[Extracted entries]
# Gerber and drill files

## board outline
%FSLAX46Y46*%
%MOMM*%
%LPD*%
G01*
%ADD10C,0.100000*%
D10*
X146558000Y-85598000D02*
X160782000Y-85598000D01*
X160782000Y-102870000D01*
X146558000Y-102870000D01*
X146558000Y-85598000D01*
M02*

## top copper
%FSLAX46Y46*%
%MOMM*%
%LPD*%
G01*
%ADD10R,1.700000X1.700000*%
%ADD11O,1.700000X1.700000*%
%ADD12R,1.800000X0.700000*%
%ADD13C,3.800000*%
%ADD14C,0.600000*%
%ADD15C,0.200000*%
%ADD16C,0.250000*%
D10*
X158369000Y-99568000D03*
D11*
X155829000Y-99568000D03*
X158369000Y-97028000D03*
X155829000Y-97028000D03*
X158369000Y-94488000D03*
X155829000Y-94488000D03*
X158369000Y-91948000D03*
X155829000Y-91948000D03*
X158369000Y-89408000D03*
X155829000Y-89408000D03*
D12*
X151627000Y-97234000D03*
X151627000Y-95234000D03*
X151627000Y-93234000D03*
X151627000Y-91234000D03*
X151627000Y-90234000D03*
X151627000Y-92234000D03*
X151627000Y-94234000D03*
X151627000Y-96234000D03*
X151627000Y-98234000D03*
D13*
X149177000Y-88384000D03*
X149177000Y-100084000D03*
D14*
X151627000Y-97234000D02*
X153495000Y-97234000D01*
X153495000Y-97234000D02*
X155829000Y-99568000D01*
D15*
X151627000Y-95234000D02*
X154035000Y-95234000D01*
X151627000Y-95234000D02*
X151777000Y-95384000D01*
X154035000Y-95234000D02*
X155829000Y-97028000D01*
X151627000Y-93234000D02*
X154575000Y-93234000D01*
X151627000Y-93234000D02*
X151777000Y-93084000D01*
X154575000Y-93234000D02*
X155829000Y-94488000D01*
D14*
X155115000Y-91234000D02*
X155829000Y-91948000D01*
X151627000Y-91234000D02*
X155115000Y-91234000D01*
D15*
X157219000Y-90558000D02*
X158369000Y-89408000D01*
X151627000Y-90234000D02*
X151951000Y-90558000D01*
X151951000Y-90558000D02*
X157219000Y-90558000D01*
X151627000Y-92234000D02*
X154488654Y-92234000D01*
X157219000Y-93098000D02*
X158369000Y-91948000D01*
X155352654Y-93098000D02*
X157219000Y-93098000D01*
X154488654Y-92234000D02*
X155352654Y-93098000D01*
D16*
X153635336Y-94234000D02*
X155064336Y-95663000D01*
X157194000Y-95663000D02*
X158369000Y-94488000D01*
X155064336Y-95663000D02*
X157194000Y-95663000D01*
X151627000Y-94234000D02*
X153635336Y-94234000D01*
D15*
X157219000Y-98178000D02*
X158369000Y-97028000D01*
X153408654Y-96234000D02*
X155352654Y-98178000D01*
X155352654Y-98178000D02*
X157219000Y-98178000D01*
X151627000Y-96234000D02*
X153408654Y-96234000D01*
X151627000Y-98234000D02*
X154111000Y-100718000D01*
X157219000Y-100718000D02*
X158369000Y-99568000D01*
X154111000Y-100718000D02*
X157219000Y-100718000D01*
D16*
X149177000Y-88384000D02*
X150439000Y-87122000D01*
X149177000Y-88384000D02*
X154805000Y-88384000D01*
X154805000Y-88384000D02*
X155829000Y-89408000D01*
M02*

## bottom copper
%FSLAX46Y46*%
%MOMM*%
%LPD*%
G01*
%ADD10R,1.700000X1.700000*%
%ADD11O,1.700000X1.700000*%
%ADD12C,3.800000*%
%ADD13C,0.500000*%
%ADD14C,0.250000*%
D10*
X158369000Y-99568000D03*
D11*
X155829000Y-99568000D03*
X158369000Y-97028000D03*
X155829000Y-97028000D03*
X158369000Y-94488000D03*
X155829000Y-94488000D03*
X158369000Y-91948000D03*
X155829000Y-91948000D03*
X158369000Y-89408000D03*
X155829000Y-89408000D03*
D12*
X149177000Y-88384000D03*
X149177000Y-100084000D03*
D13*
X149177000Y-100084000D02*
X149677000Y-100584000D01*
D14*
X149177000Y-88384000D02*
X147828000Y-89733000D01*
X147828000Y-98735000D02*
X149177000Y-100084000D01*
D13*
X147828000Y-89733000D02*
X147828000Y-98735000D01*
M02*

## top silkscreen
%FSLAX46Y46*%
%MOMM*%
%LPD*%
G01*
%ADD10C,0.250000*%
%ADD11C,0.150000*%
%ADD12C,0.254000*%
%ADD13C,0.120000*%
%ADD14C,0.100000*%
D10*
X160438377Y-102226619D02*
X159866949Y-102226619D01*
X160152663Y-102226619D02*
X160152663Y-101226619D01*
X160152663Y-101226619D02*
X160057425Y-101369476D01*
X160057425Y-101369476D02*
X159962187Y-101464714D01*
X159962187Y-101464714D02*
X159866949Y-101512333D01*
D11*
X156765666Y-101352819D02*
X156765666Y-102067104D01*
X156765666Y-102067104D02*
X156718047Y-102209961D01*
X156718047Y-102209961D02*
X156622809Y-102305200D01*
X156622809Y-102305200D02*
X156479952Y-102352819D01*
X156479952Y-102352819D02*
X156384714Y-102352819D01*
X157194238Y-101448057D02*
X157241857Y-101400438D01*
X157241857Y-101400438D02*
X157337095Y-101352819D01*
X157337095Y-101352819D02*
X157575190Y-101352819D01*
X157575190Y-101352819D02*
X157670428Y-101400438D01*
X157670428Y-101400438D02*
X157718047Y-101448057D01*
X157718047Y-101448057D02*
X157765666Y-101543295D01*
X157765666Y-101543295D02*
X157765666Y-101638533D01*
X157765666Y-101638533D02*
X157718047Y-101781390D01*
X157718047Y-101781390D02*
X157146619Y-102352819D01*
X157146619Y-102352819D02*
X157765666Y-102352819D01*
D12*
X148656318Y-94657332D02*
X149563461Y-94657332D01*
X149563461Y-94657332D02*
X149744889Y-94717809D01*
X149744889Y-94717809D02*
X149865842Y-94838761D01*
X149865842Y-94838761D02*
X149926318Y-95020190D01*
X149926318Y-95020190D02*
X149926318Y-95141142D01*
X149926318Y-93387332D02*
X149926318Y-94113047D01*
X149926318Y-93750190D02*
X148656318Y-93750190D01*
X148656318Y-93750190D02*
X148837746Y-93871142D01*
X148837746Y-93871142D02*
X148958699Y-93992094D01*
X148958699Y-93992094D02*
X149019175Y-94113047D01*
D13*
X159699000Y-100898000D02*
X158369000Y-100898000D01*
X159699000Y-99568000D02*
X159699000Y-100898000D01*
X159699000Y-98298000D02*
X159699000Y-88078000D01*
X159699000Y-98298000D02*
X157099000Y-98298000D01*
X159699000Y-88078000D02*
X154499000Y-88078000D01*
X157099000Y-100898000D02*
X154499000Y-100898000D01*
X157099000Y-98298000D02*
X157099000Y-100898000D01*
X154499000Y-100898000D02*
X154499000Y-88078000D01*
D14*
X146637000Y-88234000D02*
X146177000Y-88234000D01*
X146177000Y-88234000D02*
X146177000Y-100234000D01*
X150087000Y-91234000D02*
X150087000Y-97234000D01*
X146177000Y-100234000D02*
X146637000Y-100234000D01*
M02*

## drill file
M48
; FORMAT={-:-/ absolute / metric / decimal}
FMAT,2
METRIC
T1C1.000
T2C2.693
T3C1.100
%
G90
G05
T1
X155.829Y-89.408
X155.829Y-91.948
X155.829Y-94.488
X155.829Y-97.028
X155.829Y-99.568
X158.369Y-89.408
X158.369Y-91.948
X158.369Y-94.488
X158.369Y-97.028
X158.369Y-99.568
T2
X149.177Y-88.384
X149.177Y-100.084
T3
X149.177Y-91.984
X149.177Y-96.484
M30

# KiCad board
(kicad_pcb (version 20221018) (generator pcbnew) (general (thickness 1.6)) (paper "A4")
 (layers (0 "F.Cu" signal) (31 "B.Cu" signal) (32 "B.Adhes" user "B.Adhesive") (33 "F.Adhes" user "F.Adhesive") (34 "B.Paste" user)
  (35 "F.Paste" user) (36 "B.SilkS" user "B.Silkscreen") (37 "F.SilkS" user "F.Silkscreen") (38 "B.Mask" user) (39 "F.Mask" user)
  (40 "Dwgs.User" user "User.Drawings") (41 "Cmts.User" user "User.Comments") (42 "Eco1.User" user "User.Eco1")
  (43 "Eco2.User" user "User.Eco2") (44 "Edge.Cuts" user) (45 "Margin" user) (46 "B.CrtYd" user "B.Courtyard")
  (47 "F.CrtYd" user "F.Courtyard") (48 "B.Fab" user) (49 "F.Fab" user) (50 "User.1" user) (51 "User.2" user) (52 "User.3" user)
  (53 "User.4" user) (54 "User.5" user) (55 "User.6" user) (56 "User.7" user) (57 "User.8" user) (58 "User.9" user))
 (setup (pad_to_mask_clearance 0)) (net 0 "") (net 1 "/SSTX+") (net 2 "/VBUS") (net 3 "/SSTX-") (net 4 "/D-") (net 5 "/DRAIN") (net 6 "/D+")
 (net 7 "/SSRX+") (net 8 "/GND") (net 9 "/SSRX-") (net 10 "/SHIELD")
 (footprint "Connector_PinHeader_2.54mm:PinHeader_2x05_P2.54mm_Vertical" (layer "F.Cu") (at 158.369 99.568 180)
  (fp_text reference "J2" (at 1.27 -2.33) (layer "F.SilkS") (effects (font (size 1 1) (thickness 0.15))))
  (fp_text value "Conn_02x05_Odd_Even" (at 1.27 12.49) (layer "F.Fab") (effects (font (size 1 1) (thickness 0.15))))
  (fp_line (start -1.33 -1.33) (end 0 -1.33) (stroke (width 0.12) (type solid)) (layer "F.SilkS"))
  (fp_line (start -1.33 0) (end -1.33 -1.33) (stroke (width 0.12) (type solid)) (layer "F.SilkS"))
  (fp_line (start -1.33 1.27) (end -1.33 11.49) (stroke (width 0.12) (type solid)) (layer "F.SilkS"))
  (fp_line (start -1.33 1.27) (end 1.27 1.27) (stroke (width 0.12) (type solid)) (layer "F.SilkS"))
  (fp_line (start -1.33 11.49) (end 3.87 11.49) (stroke (width 0.12) (type solid)) (layer "F.SilkS"))
  (fp_line (start 1.27 -1.33) (end 3.87 -1.33) (stroke (width 0.12) (type solid)) (layer "F.SilkS"))
  (fp_line (start 1.27 1.27) (end 1.27 -1.33) (stroke (width 0.12) (type solid)) (layer "F.SilkS"))
  (fp_line (start 3.87 -1.33) (end 3.87 11.49) (stroke (width 0.12) (type solid)) (layer "F.SilkS"))
  (pad "1" thru_hole rect (at 0 0 180) (size 1.7 1.7) (drill 1) (layers "*.Cu" "*.Mask") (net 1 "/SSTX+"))
  (pad "2" thru_hole oval (at 2.54 0 180) (size 1.7 1.7) (drill 1) (layers "*.Cu" "*.Mask") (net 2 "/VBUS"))
  (pad "3" thru_hole oval (at 0 2.54 180) (size 1.7 1.7) (drill 1) (layers "*.Cu" "*.Mask") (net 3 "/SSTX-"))
  (pad "4" thru_hole oval (at 2.54 2.54 180) (size 1.7 1.7) (drill 1) (layers "*.Cu" "*.Mask") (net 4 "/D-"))
  (pad "5" thru_hole oval (at 0 5.08 180) (size 1.7 1.7) (drill 1) (layers "*.Cu" "*.Mask") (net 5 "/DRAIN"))
  (pad "6" thru_hole oval (at 2.54 5.08 180) (size 1.7 1.7) (drill 1) (layers "*.Cu" "*.Mask") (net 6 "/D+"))
  (pad "7" thru_hole oval (at 0 7.62 180) (size 1.7 1.7) (drill 1) (layers "*.Cu" "*.Mask") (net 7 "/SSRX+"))
  (pad "8" thru_hole oval (at 2.54 7.62 180) (size 1.7 1.7) (drill 1) (layers "*.Cu" "*.Mask") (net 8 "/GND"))
  (pad "9" thru_hole oval (at 0 10.16 180) (size 1.7 1.7) (drill 1) (layers "*.Cu" "*.Mask") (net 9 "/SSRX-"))
  (pad "10" thru_hole oval (at 2.54 10.16 180) (size 1.7 1.7) (drill 1) (layers "*.Cu" "*.Mask") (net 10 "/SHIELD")))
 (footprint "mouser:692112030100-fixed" (layer "F.Cu") (at 149.352 94.234 -90)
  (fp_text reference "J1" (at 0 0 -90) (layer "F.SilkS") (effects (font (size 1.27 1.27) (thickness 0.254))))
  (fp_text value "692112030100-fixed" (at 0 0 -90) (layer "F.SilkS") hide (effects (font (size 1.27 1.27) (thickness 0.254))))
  (fp_line (start -6 2.715) (end -6 3.175) (stroke (width 0.1) (type solid)) (layer "F.SilkS"))
  (fp_line (start -6 3.175) (end 6 3.175) (stroke (width 0.1) (type solid)) (layer "F.SilkS"))
  (fp_line (start -3 -0.735) (end 3 -0.735) (stroke (width 0.1) (type solid)) (layer "F.SilkS"))
  (fp_line (start 6 3.175) (end 6 2.715) (stroke (width 0.1) (type solid)) (layer "F.SilkS"))
  (pad "" np_thru_hole circle (at -2.25 0.175 270) (size 0.001 0.001) (drill 1.1) (layers "*.Cu" "*.Mask"))
  (pad "" np_thru_hole circle (at 2.25 0.175 270) (size 0.001 0.001) (drill 1.1) (layers "*.Cu" "*.Mask"))
  (pad "1" smd rect (at 3 -2.275 270) (size 0.7 1.8) (layers "F.Cu" "F.Paste" "F.Mask") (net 2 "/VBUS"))
  (pad "2" smd rect (at 1 -2.275 270) (size 0.7 1.8) (layers "F.Cu" "F.Paste" "F.Mask") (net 4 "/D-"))
  (pad "3" smd rect (at -1 -2.275 270) (size 0.7 1.8) (layers "F.Cu" "F.Paste" "F.Mask") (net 6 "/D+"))
  (pad "4" smd rect (at -3 -2.275 270) (size 0.7 1.8) (layers "F.Cu" "F.Paste" "F.Mask") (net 8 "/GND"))
  (pad "5" smd rect (at -4 -2.275 270) (size 0.7 1.8) (layers "F.Cu" "F.Paste" "F.Mask") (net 9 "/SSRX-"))
  (pad "6" smd rect (at -2 -2.275 270) (size 0.7 1.8) (layers "F.Cu" "F.Paste" "F.Mask") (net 7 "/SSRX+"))
  (pad "7" smd rect (at 0 -2.275 270) (size 0.7 1.8) (layers "F.Cu" "F.Paste" "F.Mask") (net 5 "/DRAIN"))
  (pad "8" smd rect (at 2 -2.275 270) (size 0.7 1.8) (layers "F.Cu" "F.Paste" "F.Mask") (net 3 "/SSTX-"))
  (pad "9" smd rect (at 4 -2.275 270) (size 0.7 1.8) (layers "F.Cu" "F.Paste" "F.Mask") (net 1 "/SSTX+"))
  (pad "10" thru_hole circle (at -5.85 0.175 270) (size 3.8 3.8) (drill 2.6926) (layers "*.Cu" "*.Mask") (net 10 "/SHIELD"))
  (pad "11" thru_hole circle (at 5.85 0.175 270) (size 3.8 3.8) (drill 2.6926) (layers "*.Cu" "*.Mask") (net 10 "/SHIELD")))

[Exercise brief] If a line of the data contains "reference", copy it out.

[Solution to the problem]
  (fp_text reference "J2" (at 1.27 -2.33) (layer "F.SilkS") (effects (font (size 1 1) (thickness 0.15))))
  (fp_text reference "J1" (at 0 0 -90) (layer "F.SilkS") (effects (font (size 1.27 1.27) (thickness 0.254))))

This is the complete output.